Saved data entries:
* * * * * * * * *

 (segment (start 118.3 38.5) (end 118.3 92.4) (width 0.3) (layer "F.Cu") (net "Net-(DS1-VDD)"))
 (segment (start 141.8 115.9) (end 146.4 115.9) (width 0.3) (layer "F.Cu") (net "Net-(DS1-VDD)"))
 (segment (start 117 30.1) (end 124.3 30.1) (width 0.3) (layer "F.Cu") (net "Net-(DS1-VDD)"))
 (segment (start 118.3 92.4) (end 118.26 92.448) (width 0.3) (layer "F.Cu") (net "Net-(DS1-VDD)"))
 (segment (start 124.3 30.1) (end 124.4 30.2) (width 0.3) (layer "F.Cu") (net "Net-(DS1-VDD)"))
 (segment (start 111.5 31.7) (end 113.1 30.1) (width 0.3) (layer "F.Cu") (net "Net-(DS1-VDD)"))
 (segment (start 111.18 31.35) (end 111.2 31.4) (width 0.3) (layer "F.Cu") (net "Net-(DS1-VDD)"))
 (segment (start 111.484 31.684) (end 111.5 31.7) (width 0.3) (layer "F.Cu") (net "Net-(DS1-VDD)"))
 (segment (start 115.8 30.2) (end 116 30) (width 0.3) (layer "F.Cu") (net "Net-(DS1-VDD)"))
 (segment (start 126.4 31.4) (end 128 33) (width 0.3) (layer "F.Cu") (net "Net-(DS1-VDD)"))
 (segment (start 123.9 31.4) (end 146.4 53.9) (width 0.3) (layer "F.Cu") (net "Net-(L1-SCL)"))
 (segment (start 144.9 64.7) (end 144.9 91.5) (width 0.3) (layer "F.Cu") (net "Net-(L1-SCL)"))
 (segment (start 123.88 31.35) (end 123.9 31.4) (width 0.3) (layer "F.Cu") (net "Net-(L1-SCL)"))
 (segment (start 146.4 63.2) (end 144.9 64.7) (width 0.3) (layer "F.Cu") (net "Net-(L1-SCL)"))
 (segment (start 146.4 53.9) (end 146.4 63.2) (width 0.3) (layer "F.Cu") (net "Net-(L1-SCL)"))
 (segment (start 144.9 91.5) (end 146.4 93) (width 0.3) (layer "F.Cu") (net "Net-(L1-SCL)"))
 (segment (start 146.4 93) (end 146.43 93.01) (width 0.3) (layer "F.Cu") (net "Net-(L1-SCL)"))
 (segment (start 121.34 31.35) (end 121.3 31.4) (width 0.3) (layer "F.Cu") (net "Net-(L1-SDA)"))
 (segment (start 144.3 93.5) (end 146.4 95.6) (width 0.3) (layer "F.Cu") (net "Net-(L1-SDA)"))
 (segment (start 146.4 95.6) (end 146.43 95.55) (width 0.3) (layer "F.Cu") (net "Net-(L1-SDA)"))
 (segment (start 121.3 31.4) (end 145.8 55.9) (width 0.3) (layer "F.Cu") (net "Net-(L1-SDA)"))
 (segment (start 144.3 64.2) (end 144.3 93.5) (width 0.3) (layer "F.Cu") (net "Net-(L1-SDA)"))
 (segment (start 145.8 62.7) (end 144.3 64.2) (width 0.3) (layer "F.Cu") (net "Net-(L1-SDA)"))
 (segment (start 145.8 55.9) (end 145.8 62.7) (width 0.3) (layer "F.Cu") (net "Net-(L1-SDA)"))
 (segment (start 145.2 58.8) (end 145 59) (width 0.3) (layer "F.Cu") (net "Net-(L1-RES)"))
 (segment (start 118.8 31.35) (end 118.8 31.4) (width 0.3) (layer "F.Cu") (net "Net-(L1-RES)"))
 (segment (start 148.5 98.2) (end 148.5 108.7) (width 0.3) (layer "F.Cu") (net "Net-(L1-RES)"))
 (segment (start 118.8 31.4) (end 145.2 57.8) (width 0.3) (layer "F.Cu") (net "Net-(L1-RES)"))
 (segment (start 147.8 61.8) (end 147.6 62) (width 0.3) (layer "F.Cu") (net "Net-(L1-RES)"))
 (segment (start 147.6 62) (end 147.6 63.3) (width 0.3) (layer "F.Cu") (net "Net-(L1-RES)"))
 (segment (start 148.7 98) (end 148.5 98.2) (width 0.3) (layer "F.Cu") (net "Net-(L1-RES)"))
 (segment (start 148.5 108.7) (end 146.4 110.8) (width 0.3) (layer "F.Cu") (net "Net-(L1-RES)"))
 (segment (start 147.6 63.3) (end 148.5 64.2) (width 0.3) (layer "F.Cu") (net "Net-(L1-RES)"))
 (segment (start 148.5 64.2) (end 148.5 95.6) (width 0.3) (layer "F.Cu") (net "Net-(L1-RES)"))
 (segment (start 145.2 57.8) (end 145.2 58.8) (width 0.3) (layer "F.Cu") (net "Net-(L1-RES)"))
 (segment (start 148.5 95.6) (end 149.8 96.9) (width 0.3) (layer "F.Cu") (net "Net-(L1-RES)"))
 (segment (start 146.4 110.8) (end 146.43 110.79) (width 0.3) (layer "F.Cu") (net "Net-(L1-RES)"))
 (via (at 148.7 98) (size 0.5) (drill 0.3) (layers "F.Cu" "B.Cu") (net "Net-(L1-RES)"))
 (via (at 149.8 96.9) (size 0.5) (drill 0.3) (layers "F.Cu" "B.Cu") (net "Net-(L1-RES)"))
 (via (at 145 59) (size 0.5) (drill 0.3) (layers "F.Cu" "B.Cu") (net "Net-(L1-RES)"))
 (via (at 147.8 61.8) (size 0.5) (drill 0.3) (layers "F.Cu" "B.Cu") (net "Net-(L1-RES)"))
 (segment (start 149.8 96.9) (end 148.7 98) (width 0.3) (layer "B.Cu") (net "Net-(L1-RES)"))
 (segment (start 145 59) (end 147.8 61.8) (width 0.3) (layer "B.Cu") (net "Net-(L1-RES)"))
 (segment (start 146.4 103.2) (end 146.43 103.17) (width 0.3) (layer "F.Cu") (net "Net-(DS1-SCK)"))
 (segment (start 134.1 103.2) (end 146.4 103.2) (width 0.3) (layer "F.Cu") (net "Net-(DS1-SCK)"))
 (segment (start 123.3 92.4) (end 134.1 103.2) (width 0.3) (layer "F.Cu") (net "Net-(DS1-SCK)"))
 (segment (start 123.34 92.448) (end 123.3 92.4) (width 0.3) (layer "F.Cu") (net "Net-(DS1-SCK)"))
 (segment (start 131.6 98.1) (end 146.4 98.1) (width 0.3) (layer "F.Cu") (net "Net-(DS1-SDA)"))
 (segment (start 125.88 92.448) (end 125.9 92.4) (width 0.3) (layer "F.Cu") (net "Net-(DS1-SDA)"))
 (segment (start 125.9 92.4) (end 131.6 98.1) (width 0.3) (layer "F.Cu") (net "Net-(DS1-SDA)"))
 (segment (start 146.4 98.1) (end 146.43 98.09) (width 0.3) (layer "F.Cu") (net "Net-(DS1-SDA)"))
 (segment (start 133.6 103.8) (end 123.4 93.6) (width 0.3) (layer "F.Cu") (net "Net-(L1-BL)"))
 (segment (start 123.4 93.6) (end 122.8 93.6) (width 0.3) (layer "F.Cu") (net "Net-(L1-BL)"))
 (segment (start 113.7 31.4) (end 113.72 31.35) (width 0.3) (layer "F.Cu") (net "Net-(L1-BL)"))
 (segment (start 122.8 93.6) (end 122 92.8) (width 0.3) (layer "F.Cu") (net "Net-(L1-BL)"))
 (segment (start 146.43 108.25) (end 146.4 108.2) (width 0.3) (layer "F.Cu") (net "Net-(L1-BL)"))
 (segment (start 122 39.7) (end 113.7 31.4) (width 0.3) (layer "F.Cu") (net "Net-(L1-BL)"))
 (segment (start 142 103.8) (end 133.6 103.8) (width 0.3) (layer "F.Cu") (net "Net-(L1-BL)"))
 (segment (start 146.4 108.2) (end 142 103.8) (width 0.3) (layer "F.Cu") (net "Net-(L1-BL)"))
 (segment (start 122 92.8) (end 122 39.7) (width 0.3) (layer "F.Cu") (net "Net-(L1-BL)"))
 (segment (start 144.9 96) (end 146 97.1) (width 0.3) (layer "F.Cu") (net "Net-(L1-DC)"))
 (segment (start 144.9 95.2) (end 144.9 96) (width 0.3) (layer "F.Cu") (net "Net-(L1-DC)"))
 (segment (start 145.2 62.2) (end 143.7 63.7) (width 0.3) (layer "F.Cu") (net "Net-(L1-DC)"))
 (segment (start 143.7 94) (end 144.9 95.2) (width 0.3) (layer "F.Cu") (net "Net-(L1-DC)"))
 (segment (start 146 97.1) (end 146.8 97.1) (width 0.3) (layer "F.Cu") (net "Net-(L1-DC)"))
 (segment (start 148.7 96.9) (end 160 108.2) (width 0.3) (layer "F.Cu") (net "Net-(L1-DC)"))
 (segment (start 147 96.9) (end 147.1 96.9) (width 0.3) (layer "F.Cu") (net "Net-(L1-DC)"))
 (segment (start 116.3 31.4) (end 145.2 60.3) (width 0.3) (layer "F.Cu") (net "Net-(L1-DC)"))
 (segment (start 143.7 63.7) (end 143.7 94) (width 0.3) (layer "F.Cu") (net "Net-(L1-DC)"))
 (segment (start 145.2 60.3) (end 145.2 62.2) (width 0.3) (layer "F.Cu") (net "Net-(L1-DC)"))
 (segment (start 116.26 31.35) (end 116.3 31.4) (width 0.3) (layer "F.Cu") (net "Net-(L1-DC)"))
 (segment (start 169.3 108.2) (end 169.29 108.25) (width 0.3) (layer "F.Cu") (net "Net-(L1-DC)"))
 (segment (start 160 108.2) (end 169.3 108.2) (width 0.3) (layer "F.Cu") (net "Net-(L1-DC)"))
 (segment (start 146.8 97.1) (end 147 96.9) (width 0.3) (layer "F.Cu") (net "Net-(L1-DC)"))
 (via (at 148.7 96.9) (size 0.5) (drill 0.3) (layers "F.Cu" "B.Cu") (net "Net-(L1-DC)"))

* * * * * * * * *

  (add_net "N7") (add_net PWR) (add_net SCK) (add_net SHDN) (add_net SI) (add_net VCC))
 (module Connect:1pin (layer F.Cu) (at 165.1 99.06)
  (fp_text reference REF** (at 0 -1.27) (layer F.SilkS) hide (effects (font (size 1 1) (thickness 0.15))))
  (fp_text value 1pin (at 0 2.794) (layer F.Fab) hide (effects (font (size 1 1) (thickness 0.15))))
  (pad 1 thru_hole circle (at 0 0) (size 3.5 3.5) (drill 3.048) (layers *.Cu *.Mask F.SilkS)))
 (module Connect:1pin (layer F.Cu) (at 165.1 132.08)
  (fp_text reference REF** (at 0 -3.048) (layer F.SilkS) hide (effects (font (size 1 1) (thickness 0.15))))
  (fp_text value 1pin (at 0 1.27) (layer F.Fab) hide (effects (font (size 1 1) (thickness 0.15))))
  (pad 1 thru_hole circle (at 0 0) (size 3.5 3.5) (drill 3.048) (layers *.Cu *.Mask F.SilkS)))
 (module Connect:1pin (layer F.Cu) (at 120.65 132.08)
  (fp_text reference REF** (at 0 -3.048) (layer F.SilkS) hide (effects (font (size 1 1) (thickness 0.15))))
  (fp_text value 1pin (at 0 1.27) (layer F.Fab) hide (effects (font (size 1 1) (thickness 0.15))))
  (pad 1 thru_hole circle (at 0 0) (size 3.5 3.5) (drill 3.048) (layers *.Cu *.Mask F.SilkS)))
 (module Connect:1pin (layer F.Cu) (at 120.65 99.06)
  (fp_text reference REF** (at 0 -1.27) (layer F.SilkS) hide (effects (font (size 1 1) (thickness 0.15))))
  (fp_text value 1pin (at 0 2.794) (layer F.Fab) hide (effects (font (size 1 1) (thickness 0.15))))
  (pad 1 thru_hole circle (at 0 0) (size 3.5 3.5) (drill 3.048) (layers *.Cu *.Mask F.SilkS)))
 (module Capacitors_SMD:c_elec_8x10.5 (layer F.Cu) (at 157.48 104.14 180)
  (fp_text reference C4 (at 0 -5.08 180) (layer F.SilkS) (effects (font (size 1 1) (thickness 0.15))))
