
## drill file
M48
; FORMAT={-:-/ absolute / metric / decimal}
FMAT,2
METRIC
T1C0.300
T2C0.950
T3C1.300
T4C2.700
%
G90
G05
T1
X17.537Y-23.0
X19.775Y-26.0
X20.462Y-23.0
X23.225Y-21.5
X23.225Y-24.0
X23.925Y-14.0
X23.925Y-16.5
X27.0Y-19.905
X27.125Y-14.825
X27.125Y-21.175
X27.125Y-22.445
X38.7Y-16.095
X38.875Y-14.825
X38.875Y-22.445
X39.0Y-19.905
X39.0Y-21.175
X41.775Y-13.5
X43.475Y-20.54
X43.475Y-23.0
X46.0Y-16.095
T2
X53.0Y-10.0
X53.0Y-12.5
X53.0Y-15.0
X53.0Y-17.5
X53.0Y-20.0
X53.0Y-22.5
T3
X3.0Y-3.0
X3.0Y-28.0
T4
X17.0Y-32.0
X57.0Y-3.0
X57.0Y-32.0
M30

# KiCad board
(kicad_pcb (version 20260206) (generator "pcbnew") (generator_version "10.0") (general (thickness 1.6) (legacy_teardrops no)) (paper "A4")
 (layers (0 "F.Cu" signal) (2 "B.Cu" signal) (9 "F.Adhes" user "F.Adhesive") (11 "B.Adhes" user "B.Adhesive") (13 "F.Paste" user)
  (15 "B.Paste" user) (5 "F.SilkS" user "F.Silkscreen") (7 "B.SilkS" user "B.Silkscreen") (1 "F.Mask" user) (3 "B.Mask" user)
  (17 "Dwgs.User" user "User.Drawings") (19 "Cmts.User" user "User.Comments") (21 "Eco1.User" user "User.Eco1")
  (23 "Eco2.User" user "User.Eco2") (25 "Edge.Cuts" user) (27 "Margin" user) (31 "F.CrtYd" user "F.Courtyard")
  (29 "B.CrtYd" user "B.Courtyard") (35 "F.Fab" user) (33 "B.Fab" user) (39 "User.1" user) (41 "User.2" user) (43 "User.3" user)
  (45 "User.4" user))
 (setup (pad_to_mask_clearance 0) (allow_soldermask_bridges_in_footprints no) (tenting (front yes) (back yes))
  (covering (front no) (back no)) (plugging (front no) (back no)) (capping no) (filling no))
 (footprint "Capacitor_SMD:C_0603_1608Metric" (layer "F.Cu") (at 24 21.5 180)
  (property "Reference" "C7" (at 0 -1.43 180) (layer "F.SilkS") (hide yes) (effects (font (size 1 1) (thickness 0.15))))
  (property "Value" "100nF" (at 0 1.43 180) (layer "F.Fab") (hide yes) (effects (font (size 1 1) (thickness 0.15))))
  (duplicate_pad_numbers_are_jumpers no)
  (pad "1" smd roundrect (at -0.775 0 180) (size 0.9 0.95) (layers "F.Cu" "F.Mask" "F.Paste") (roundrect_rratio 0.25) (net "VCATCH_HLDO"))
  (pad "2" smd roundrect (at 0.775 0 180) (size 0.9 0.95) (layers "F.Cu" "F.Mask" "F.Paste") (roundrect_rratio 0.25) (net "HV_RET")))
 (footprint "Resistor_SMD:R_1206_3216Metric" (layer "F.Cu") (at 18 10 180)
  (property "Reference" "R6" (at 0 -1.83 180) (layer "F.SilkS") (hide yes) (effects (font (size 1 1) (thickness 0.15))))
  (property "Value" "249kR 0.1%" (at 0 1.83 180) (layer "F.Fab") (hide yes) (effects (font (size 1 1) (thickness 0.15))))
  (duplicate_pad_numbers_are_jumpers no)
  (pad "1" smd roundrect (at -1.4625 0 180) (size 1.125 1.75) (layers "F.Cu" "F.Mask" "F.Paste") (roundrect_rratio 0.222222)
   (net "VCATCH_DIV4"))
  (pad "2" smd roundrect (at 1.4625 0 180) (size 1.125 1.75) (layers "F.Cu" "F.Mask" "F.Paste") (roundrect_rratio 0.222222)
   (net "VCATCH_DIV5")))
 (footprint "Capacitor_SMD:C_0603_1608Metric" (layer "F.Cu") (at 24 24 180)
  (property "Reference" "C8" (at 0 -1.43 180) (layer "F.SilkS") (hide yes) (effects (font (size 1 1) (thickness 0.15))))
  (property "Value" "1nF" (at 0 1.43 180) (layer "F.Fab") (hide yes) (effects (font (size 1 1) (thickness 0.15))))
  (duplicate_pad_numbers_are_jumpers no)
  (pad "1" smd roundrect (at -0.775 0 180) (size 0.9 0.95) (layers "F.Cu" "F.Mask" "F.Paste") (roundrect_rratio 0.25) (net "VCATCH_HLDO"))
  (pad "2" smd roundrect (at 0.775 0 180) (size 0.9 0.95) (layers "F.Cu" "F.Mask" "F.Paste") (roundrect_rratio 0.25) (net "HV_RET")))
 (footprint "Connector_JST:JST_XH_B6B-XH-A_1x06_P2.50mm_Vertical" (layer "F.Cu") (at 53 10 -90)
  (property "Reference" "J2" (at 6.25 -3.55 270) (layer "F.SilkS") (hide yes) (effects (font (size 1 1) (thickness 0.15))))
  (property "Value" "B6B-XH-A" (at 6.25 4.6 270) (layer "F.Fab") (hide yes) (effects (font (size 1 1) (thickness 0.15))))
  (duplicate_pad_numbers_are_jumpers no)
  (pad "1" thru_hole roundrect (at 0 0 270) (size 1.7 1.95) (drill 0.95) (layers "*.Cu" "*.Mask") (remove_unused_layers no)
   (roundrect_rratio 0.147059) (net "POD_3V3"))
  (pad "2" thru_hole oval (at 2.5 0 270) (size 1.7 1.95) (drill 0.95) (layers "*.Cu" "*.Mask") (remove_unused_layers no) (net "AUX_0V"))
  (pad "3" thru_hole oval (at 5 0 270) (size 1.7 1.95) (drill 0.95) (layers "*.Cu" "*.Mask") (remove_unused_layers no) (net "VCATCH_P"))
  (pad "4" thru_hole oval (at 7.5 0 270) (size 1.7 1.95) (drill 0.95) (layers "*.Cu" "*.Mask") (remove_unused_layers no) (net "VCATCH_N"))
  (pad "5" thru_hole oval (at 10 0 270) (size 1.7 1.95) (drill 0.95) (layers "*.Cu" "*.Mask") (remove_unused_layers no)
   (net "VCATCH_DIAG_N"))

* * * * * * * * *

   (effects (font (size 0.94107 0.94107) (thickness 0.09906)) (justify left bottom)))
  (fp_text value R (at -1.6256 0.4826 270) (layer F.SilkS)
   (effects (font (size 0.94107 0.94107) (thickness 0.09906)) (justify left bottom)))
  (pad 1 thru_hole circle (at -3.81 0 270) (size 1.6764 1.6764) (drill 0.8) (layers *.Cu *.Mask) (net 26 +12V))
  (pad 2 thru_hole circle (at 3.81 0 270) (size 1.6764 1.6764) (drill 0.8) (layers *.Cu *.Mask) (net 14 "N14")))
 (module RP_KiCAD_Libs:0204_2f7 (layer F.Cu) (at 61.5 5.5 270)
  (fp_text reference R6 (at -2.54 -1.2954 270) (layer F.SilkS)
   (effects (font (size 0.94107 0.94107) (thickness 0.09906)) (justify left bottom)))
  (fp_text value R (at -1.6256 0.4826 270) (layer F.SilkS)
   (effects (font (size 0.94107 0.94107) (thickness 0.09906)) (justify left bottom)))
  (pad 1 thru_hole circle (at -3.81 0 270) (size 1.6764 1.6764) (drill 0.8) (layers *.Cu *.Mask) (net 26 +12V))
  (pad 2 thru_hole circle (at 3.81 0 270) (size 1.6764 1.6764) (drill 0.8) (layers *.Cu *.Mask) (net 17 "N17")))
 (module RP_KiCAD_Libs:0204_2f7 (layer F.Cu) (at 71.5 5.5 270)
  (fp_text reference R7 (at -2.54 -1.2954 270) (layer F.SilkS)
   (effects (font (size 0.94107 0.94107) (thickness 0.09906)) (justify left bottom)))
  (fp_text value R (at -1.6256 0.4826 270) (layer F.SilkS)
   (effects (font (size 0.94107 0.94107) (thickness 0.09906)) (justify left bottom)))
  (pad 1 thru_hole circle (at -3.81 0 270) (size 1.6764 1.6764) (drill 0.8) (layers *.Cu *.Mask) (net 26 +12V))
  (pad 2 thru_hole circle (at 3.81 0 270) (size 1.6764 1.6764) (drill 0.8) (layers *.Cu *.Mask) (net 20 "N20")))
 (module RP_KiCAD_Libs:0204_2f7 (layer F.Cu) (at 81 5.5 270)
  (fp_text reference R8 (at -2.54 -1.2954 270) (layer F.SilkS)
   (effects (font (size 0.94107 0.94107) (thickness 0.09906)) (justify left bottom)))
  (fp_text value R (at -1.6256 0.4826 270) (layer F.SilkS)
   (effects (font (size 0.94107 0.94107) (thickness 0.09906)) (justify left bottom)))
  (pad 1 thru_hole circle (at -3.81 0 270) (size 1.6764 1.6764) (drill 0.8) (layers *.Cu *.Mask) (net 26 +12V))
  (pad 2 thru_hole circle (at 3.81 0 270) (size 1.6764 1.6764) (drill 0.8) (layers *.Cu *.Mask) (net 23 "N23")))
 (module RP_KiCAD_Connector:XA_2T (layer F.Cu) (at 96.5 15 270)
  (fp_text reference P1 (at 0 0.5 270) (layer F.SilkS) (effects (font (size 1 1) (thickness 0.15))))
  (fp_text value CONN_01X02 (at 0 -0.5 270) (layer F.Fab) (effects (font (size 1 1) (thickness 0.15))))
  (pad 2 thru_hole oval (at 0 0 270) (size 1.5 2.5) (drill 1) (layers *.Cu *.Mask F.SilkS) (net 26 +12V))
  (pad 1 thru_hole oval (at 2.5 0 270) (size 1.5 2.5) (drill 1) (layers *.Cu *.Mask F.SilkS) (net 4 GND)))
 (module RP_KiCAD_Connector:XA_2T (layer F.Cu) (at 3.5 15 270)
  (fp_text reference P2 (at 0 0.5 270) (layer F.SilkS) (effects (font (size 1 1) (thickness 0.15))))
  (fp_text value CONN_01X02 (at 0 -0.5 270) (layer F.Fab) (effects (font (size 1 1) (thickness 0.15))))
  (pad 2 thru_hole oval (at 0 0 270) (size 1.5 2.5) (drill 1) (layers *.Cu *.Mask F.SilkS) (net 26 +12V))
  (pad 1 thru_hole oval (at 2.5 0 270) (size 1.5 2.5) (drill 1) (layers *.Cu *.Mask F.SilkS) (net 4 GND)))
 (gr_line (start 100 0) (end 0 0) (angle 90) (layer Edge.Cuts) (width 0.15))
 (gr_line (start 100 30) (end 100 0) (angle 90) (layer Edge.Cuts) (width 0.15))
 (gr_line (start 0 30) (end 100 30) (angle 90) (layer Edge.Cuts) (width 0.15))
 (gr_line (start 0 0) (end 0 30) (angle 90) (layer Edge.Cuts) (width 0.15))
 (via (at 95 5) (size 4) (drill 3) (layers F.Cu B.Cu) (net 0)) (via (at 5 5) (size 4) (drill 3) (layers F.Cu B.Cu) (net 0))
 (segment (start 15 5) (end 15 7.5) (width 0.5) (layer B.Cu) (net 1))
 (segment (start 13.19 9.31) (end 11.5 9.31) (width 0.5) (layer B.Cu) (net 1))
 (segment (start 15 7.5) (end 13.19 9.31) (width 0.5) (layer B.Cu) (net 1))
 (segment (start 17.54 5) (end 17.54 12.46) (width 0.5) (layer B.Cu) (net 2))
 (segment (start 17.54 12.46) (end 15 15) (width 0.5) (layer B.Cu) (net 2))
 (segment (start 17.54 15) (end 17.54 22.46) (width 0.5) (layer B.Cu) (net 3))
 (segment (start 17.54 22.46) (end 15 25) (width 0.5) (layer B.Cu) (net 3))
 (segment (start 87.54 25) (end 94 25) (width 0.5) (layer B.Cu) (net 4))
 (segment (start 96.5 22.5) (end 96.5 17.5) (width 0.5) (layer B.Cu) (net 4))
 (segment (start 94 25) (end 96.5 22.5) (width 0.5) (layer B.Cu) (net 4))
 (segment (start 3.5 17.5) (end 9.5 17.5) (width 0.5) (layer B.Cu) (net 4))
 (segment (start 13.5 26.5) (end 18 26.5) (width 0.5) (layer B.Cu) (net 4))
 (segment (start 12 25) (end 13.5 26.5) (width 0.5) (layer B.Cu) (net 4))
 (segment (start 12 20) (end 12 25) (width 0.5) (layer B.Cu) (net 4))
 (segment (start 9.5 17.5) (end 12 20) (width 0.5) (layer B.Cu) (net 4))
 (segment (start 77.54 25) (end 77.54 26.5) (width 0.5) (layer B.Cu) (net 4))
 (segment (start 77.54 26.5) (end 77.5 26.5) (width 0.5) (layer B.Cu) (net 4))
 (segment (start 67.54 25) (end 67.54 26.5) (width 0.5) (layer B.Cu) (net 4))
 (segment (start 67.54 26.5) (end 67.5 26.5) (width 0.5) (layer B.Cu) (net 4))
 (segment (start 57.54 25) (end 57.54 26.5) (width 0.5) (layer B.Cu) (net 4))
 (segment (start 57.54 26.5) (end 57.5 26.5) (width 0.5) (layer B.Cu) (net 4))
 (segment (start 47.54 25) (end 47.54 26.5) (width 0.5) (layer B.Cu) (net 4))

* * * * * * * * *

WHAT YOU HAVE TO DO: Line count for "Courtyard": count the lines of the records above that contain it and give only the number.

SOLUTION: 2